Position: Superintendent, Prince George’s County, Md., public schools, since May

Previous job: Superintendent, Santa Monica-Malibu, Calif., school district

Prince George’s County, MD: John E. Deasy has moved from Malibu, Calif., to the suburban Washington district, where more than one-third of the schools have been rated as needing improvement.
—Photos by Christopher Powers/Education Week

Prince George's County, MD: John E. Deasy has moved from Malibu, Calif., to the suburban Washington district, where more than one-third of the schools have been rated as needing improvement.

Broad Superintendents Academy, 2006

Four days before starting the biggest job of his career, John E. Deasy was remarkably at ease. He had moved from Southern California to suburban Washington, begun unpacking boxes in his new house, and now, he had just taken an Amtrak train to Philadelphia.

Mr. Deasy, the new chief executive officer of the Prince George’s County, Md., schools, was eager to hunker down for a four-day session of the Broad Academy last month in Philadelphia to study and debate different management strategies for urban school systems.

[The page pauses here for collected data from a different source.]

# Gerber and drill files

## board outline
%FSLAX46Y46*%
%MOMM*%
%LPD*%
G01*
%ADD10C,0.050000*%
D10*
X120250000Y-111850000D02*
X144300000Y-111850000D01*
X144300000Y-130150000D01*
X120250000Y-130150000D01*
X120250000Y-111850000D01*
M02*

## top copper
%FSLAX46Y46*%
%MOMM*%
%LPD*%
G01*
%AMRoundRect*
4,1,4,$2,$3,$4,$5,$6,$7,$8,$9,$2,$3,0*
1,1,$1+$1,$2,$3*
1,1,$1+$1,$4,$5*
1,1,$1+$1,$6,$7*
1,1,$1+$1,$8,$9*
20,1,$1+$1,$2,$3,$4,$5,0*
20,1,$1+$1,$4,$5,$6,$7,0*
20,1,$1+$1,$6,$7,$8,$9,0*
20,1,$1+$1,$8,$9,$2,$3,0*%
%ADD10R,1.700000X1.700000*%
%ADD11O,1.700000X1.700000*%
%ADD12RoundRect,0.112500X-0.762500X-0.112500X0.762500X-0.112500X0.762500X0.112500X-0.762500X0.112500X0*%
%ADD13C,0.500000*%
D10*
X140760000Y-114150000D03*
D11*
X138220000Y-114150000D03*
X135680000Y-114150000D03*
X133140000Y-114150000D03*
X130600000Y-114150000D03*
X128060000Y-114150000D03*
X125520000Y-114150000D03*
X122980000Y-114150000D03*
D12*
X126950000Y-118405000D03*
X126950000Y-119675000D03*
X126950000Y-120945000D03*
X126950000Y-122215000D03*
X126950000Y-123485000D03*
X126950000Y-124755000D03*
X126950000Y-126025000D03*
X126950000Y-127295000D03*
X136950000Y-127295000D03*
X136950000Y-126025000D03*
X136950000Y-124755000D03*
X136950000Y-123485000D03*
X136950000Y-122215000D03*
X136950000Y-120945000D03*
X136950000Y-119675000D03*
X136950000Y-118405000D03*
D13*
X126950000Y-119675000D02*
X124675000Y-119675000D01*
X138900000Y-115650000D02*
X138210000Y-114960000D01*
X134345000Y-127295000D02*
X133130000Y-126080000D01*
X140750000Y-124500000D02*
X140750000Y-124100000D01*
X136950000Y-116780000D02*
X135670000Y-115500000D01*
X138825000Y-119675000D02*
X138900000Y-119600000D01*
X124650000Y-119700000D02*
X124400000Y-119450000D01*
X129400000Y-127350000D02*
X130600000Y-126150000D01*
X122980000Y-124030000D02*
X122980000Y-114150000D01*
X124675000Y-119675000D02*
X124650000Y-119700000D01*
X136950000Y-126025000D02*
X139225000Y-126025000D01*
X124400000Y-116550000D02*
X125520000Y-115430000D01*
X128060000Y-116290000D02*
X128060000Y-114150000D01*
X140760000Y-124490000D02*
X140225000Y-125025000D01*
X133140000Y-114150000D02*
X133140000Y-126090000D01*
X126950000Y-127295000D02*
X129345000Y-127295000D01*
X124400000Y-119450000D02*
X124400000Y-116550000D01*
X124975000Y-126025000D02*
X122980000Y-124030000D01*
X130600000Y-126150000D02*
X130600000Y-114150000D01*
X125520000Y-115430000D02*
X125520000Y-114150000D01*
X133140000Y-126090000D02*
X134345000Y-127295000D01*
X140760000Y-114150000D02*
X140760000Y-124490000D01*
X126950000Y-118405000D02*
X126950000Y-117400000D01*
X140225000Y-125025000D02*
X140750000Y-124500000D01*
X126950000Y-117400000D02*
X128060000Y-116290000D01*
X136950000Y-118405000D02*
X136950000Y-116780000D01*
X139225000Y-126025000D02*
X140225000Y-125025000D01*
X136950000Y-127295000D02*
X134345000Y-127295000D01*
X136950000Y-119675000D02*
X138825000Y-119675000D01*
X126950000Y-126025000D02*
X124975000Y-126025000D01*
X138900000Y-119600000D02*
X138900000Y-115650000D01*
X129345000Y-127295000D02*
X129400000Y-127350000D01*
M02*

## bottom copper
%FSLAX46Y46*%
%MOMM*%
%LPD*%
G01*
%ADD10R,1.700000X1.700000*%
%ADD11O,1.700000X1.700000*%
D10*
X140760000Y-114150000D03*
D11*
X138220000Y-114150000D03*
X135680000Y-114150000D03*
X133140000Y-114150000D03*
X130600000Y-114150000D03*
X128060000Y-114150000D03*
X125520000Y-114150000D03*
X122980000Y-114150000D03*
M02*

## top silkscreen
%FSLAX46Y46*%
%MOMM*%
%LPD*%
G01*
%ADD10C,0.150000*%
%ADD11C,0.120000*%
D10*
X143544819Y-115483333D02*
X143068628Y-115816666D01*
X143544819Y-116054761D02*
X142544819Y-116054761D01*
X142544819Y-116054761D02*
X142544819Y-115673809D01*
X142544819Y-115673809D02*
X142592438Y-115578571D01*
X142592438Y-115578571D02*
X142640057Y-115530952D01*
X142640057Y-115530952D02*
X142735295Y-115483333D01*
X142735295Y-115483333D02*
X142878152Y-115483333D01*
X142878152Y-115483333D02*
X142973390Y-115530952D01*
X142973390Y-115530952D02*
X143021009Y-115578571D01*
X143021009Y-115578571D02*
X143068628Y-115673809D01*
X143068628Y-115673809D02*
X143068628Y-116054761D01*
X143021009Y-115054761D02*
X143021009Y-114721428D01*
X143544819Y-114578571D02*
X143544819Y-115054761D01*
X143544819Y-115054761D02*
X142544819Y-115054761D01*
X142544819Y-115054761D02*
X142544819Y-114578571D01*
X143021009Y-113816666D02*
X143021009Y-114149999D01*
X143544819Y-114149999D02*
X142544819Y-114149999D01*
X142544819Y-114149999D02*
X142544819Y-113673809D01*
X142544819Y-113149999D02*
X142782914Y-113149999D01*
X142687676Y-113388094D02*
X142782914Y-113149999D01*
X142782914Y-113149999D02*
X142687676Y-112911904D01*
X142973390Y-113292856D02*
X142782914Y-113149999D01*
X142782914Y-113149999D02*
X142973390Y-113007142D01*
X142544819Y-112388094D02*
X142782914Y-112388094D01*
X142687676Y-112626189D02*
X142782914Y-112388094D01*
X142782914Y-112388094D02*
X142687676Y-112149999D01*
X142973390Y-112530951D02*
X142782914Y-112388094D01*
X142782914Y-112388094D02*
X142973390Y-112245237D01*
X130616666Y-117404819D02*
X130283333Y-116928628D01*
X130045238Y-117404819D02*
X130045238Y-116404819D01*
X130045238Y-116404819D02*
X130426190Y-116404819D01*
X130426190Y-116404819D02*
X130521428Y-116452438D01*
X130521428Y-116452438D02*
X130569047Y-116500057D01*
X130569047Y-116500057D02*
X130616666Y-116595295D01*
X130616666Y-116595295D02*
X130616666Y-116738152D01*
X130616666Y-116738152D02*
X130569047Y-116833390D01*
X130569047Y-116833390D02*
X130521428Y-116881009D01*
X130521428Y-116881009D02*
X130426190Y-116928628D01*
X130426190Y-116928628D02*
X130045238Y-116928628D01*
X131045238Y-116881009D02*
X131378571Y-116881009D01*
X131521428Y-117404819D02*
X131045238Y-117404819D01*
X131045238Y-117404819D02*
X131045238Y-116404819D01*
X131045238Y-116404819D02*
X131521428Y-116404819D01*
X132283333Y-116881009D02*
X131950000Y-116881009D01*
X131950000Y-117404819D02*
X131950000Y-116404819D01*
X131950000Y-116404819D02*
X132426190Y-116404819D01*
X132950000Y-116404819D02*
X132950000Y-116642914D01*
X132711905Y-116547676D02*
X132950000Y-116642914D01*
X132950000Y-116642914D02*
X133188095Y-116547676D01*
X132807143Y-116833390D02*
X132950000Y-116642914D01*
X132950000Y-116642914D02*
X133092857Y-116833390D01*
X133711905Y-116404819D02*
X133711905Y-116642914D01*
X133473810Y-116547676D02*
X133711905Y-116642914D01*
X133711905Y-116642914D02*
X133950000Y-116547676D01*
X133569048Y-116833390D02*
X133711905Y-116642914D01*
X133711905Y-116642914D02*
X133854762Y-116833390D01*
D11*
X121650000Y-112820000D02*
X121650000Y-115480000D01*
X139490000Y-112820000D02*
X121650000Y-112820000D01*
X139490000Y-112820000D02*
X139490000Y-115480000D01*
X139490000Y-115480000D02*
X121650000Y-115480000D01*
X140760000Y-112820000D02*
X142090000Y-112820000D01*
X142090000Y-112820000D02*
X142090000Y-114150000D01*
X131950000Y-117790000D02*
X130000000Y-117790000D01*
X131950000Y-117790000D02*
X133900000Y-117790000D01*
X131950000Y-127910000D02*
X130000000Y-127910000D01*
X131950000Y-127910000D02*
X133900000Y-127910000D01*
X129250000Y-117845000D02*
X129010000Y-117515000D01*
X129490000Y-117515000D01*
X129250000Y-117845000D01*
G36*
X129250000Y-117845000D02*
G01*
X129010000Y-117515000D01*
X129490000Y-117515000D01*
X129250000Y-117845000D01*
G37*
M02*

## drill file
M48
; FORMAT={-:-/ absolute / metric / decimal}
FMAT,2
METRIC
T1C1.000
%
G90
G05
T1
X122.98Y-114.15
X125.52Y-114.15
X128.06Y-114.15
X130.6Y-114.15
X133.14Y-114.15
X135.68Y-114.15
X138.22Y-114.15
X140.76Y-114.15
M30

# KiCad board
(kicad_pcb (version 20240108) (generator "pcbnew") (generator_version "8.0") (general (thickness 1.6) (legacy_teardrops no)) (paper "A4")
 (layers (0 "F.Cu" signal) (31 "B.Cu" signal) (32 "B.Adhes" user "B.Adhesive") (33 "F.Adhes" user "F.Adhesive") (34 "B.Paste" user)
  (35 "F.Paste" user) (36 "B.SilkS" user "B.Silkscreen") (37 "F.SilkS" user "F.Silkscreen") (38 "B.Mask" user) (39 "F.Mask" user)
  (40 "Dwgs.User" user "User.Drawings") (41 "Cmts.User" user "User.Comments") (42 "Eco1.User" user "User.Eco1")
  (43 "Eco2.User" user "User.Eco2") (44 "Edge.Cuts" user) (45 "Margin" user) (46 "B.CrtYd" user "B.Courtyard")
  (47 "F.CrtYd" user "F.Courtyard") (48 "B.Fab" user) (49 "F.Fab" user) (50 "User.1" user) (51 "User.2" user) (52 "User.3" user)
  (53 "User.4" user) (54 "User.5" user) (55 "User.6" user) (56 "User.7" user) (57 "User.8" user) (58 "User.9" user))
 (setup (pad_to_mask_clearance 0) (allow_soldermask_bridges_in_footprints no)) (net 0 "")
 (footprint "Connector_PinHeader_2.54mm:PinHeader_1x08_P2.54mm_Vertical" (layer "F.Cu") (at 140.76 114.15 -90)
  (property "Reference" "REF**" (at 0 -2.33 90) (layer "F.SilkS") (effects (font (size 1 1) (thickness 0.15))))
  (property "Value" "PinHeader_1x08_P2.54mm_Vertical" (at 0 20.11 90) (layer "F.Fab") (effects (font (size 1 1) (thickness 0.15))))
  (fp_line (start -1.33 19.11) (end 1.33 19.11) (stroke (width 0.12) (type solid)) (layer "F.SilkS"))
  (fp_line (start -1.33 1.27) (end -1.33 19.11) (stroke (width 0.12) (type solid)) (layer "F.SilkS"))
  (fp_line (start -1.33 1.27) (end 1.33 1.27) (stroke (width 0.12) (type solid)) (layer "F.SilkS"))
  (fp_line (start 1.33 1.27) (end 1.33 19.11) (stroke (width 0.12) (type solid)) (layer "F.SilkS"))
  (fp_line (start -1.33 0) (end -1.33 -1.33) (stroke (width 0.12) (type solid)) (layer "F.SilkS"))
  (fp_line (start -1.33 -1.33) (end 0 -1.33) (stroke (width 0.12) (type solid)) (layer "F.SilkS"))
  (pad "1" thru_hole rect (at 0 0 270) (size 1.7 1.7) (drill 1) (layers "*.Cu" "*.Mask") (remove_unused_layers no))
  (pad "2" thru_hole oval (at 0 2.54 270) (size 1.7 1.7) (drill 1) (layers "*.Cu" "*.Mask") (remove_unused_layers no))
  (pad "3" thru_hole oval (at 0 5.08 270) (size 1.7 1.7) (drill 1) (layers "*.Cu" "*.Mask") (remove_unused_layers no))
  (pad "4" thru_hole oval (at 0 7.62 270) (size 1.7 1.7) (drill 1) (layers "*.Cu" "*.Mask") (remove_unused_layers no))
  (pad "5" thru_hole oval (at 0 10.16 270) (size 1.7 1.7) (drill 1) (layers "*.Cu" "*.Mask") (remove_unused_layers no))
  (pad "6" thru_hole oval (at 0 12.7 270) (size 1.7 1.7) (drill 1) (layers "*.Cu" "*.Mask") (remove_unused_layers no))
  (pad "7" thru_hole oval (at 0 15.24 270) (size 1.7 1.7) (drill 1) (layers "*.Cu" "*.Mask") (remove_unused_layers no))
  (pad "8" thru_hole oval (at 0 17.78 270) (size 1.7 1.7) (drill 1) (layers "*.Cu" "*.Mask") (remove_unused_layers no)))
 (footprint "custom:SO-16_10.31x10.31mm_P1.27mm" (layer "F.Cu") (at 131.95 122.85)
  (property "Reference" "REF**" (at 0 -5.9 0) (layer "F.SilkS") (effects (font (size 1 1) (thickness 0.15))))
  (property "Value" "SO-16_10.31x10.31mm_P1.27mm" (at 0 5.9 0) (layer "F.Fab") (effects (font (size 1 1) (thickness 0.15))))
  (fp_line (start 0 -5.06) (end -1.95 -5.06) (stroke (width 0.12) (type solid)) (layer "F.SilkS"))
  (fp_line (start 0 -5.06) (end 1.95 -5.06) (stroke (width 0.12) (type solid)) (layer "F.SilkS"))
  (fp_line (start 0 5.06) (end -1.95 5.06) (stroke (width 0.12) (type solid)) (layer "F.SilkS"))
  (fp_line (start 0 5.06) (end 1.95 5.06) (stroke (width 0.12) (type solid)) (layer "F.SilkS"))
  (fp_poly
   (pts (xy -2.7 -5.005) (xy -2.94 -5.335) (xy -2.46 -5.335) (xy -2.7 -5.005)) (stroke (width 0.12) (type solid)) (fill solid)
   (layer "F.SilkS"))
  (pad "1" smd roundrect (at -5 -4.445) (size 1.75 0.45) (layers "F.Cu" "F.Paste" "F.Mask") (roundrect_rratio 0.25))
  (pad "2" smd roundrect (at -5 -3.175) (size 1.75 0.45) (layers "F.Cu" "F.Paste" "F.Mask") (roundrect_rratio 0.25))
  (pad "3" smd roundrect (at -5 -1.905) (size 1.75 0.45) (layers "F.Cu" "F.Paste" "F.Mask") (roundrect_rratio 0.25))
  (pad "4" smd roundrect (at -5 -0.635) (size 1.75 0.45) (layers "F.Cu" "F.Paste" "F.Mask") (roundrect_rratio 0.25))
  (pad "5" smd roundrect (at -5 0.635) (size 1.75 0.45) (layers "F.Cu" "F.Paste" "F.Mask") (roundrect_rratio 0.25))
  (pad "6" smd roundrect (at -5 1.905) (size 1.75 0.45) (layers "F.Cu" "F.Paste" "F.Mask") (roundrect_rratio 0.25))
  (pad "7" smd roundrect (at -5 3.175) (size 1.75 0.45) (layers "F.Cu" "F.Paste" "F.Mask") (roundrect_rratio 0.25))
  (pad "8" smd roundrect (at -5 4.445) (size 1.75 0.45) (layers "F.Cu" "F.Paste" "F.Mask") (roundrect_rratio 0.25))
  (pad "9" smd roundrect (at 5 4.445) (size 1.75 0.45) (layers "F.Cu" "F.Paste" "F.Mask") (roundrect_rratio 0.25))
  (pad "10" smd roundrect (at 5 3.175) (size 1.75 0.45) (layers "F.Cu" "F.Paste" "F.Mask") (roundrect_rratio 0.25))
  (pad "11" smd roundrect (at 5 1.905) (size 1.75 0.45) (layers "F.Cu" "F.Paste" "F.Mask") (roundrect_rratio 0.25))
  (pad "12" smd roundrect (at 5 0.635) (size 1.75 0.45) (layers "F.Cu" "F.Paste" "F.Mask") (roundrect_rratio 0.25))
  (pad "13" smd roundrect (at 5 -0.635) (size 1.75 0.45) (layers "F.Cu" "F.Paste" "F.Mask") (roundrect_rratio 0.25))
  (pad "14" smd roundrect (at 5 -1.905) (size 1.75 0.45) (layers "F.Cu" "F.Paste" "F.Mask") (roundrect_rratio 0.25))
  (pad "15" smd roundrect (at 5 -3.175) (size 1.75 0.45) (layers "F.Cu" "F.Paste" "F.Mask") (roundrect_rratio 0.25))
  (pad "16" smd roundrect (at 5 -4.445) (size 1.75 0.45) (layers "F.Cu" "F.Paste" "F.Mask") (roundrect_rratio 0.25)))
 (gr_rect (start 120.25 111.85) (end 144.3 130.15) (stroke (width 0.05) (type default)) (fill none) (layer "Edge.Cuts"))
 (segment (start 126.95 119.675) (end 124.675 119.675) (width 0.5) (layer "F.Cu") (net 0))
 (segment (start 138.9 115.65) (end 138.21 114.96) (width 0.5) (layer "F.Cu") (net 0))
 (segment (start 134.345 127.295) (end 133.13 126.08) (width 0.5) (layer "F.Cu") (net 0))
 (segment (start 140.75 124.5) (end 140.75 124.1) (width 0.5) (layer "F.Cu") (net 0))
 (segment (start 136.95 116.78) (end 135.67 115.5) (width 0.5) (layer "F.Cu") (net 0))
 (segment (start 138.825 119.675) (end 138.9 119.6) (width 0.5) (layer "F.Cu") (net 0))
 (segment (start 124.65 119.7) (end 124.4 119.45) (width 0.5) (layer "F.Cu") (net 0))
 (segment (start 129.4 127.35) (end 130.6 126.15) (width 0.5) (layer "F.Cu") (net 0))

“It is a very powerful thing for me to be part of this as I transition into this new job,” he said during a meal break.

For one thing, Mr. Deasy said, his Broad contacts were providing priceless advice. Arlene Ackerman, his executive coach and a former superintendent in San Francisco and the District of Columbia, was within arm’s reach all weekend.

Although he’s an experienced schools chief, Mr. Deasy, 46, has taken over a district more than 10 times bigger than the 12,500-student Santa Monica-Malibu Unified School District, where he was the superintendent for the past five years.

Mr. Deasy, who is white, is also mindful that three-quarters of Prince George’s 133,000 students are African-American, and that a rapidly growing number are Latino. “I am determined to make this district a place where student achievement is at the highest levels, regardless of race and economic levels,” he said.

That sort of talk won over Prince George’s County school board members, who unanimously selected Mr. Deasy over two African-American finalists with more experience in urban districts—including Marcia V. Lyles, a regional superintendent of schools in New York City and one of Mr. Deasy’s Broad classmates.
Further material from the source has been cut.